# Learning to walk on a leash



## HavAPuppy1 (Oct 24, 2010)

I think Amelia is ready to start learning how to walk on a leash. I've read that in the beginning its best to attach the leash and follow where they lead. However all she wants to do is sit and chew on the leash. I couldn't find any threads regarding this topic. Any tricks for how to get a puppy comfortable with being on a leash? Thanks!


----------



## TilliesMom (Sep 30, 2010)

LOL, I'll be interested to follow this thread as Tillie is HORRIBLE on her leash, chews it, PULLS so hard (giving herself MATTS. uggg) the whole entire walk, it is not fun for anyone, but I can not get her to stop pulling, even following what the trainer taught us during puppy class... sigh... soooo advice from the experts, Please!!?


----------



## Laurief (Nov 7, 2006)

MeToo!!! As much as I can remember getting my others on a leash - with Laila it seems to be different. She too wants to just chew on it!!! Any ideas?


----------



## Suzi (Oct 27, 2010)

One way you can teach not to pull is to hold the leash on a shorter lead and when they start pulling walk around in a circle . You do this every time they start to pull. My sister in law taught me that


----------



## davetgabby (Dec 29, 2007)

Numerous good article and videos, but I like this one the best http://www.clickersolutions.com/articles/2001/lltotal.htm


----------



## Thumper (Feb 18, 2007)

Gucci still tries to chew on the leash if I put it on her and walk off to get the keys or something, I turn around and she's trying to chew it off, lol..

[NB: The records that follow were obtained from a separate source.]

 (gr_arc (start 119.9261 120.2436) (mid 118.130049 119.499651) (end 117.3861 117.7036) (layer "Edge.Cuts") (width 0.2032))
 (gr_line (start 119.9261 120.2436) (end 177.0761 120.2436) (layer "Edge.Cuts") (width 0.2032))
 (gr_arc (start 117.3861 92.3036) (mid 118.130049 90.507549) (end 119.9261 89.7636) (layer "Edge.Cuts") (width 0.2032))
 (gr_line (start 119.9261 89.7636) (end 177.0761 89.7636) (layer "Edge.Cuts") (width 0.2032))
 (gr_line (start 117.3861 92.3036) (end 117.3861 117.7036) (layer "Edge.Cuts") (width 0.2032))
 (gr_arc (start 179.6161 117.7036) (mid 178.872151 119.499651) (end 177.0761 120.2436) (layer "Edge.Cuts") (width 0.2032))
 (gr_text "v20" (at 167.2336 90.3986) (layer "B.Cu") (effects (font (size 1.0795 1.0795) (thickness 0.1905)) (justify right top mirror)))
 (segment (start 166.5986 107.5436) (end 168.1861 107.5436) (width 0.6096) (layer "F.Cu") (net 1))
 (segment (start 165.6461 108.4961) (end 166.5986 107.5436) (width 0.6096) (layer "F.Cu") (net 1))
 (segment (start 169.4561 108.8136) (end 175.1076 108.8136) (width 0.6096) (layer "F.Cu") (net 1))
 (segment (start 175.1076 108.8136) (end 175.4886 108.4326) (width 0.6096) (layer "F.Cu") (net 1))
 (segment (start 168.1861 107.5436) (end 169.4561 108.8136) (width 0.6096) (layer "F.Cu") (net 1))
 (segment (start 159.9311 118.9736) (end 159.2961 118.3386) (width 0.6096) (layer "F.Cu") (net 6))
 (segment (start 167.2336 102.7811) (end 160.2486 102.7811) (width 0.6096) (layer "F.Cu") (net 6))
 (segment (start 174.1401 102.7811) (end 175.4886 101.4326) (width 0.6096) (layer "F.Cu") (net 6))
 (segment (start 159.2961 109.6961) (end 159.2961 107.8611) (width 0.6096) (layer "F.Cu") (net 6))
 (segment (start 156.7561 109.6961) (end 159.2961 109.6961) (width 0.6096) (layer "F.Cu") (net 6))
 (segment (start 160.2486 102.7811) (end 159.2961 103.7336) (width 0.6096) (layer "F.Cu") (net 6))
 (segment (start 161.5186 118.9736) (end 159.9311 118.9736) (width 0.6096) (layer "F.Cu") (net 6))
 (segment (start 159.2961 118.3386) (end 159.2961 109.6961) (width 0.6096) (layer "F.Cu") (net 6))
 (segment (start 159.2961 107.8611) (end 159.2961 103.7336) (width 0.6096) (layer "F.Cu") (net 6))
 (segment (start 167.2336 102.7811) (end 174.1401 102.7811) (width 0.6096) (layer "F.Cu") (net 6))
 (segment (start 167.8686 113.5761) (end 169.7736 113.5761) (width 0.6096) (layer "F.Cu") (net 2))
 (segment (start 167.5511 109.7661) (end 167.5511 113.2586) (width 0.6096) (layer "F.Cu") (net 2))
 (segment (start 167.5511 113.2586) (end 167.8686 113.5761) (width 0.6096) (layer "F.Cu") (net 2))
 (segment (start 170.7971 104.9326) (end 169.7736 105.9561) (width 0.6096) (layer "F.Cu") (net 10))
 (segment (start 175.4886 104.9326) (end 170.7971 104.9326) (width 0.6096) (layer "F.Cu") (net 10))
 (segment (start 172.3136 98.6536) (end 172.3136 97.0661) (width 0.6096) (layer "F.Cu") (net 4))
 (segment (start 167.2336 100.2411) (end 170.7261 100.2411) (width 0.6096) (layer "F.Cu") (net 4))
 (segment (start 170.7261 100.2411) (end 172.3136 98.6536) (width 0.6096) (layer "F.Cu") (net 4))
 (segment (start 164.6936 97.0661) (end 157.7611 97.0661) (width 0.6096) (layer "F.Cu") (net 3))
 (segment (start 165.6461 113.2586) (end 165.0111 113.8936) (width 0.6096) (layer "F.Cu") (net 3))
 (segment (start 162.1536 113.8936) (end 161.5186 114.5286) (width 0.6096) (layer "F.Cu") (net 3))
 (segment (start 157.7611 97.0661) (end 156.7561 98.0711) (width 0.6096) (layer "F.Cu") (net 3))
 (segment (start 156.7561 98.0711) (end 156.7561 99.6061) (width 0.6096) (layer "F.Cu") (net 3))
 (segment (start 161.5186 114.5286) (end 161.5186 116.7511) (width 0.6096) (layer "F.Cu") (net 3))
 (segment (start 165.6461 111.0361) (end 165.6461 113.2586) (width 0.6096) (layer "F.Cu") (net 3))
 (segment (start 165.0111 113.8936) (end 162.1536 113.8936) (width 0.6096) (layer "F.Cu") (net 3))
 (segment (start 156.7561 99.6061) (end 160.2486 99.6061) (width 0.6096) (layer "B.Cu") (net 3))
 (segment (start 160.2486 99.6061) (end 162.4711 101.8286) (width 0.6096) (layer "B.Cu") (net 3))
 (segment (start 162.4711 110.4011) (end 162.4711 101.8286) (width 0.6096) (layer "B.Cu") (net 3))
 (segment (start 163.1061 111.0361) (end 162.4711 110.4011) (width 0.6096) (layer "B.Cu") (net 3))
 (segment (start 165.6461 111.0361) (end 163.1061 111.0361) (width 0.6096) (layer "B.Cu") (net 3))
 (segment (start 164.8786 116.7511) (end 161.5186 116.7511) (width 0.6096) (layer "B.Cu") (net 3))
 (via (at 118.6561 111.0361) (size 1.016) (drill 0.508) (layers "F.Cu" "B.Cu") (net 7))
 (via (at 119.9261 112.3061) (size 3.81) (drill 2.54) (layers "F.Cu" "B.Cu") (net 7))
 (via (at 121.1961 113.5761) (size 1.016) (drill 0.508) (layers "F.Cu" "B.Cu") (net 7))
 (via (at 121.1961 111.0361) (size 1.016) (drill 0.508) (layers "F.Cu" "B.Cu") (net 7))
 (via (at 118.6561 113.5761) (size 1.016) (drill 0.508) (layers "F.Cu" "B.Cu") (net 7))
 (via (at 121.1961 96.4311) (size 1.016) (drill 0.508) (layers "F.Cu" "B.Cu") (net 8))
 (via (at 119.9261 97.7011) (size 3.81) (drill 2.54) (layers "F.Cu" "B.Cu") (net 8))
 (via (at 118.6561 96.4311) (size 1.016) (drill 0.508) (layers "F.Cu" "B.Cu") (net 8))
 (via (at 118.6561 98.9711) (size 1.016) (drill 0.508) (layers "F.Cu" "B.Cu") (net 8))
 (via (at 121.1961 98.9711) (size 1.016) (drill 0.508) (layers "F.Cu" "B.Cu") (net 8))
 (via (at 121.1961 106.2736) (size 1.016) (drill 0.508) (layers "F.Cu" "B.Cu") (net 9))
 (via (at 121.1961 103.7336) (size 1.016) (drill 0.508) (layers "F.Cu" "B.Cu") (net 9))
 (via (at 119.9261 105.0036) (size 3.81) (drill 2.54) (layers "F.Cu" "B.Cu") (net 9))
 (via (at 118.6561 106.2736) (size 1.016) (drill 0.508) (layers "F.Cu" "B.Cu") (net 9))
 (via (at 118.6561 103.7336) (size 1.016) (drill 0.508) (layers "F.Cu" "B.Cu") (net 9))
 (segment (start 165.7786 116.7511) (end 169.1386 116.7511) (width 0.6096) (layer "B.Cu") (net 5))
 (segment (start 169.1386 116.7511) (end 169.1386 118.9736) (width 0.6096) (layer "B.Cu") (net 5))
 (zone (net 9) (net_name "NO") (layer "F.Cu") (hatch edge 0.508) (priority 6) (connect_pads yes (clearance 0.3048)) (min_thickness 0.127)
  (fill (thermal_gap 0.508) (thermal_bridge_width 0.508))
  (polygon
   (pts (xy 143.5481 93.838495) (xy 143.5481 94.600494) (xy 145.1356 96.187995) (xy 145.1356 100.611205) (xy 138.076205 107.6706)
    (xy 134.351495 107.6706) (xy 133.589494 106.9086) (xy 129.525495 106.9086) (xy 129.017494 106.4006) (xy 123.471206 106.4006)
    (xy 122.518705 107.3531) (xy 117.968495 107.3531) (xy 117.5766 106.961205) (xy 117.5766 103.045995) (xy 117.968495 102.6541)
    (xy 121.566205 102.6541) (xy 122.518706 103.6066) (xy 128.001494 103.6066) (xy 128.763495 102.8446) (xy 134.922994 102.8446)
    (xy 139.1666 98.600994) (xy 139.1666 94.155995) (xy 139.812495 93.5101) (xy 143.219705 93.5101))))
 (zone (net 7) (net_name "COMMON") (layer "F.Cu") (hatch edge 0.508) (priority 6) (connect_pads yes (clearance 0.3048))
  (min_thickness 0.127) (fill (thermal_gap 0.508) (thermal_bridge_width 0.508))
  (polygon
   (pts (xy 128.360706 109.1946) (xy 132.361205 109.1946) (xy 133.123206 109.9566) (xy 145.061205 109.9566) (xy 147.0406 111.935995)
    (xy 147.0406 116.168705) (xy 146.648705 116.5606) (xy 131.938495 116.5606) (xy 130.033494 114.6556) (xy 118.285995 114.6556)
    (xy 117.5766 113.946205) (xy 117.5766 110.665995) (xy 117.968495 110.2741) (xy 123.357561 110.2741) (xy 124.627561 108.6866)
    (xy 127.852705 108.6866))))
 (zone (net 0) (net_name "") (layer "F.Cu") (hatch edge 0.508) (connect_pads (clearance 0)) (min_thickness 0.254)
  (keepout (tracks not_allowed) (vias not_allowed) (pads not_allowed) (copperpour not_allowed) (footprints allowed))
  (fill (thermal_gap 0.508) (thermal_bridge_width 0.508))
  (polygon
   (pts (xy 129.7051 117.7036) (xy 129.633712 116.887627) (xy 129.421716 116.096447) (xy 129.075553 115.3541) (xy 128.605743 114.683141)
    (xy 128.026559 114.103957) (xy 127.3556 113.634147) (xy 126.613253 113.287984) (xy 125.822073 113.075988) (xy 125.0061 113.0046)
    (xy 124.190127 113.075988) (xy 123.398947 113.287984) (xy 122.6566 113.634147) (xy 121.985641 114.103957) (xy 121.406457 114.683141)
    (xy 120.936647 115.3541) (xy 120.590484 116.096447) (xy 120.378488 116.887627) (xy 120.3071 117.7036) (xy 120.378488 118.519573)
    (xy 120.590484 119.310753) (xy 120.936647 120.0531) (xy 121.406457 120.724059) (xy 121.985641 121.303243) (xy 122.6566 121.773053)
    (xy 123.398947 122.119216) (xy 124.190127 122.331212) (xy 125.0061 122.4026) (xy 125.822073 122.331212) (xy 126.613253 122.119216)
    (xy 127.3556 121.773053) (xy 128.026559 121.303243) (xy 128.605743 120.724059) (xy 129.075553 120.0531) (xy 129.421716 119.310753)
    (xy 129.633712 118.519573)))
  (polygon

I pretty much have to start moving the second its on her. 

Kara


----------



## Luciledodd (Sep 5, 2009)

I just put a collar on Rosie one day and attached the leash, went out in the parking lot and starting walking away from her. Yeah I dragged her for a little way (gently), she gagged and would walk a few steps and then back to the biting leash and gagging. I ignored all and kept walking, slowly and not looking at her. Within 5 or 6 minutes, she gave it up and followed. I don't use a leash much, but every time I put one on her, she follows right by my side just like she is supposed to. I have had a lot of dogs and did the same with all of them and had success with all. The main thing is be gently and drag slowly and give them time to get back up on their feet. Once they start going forward, praise and keep walking.


----------



## krandall (Jun 11, 2009)

Teaching a puppy loose leash walking isn't hard, but IMO it's much easier to learn with a good instructor watching you to give feed back in the moment than it would be to learn from an article or a book. It will probably take more than one puppy kindergarten class to master, however. 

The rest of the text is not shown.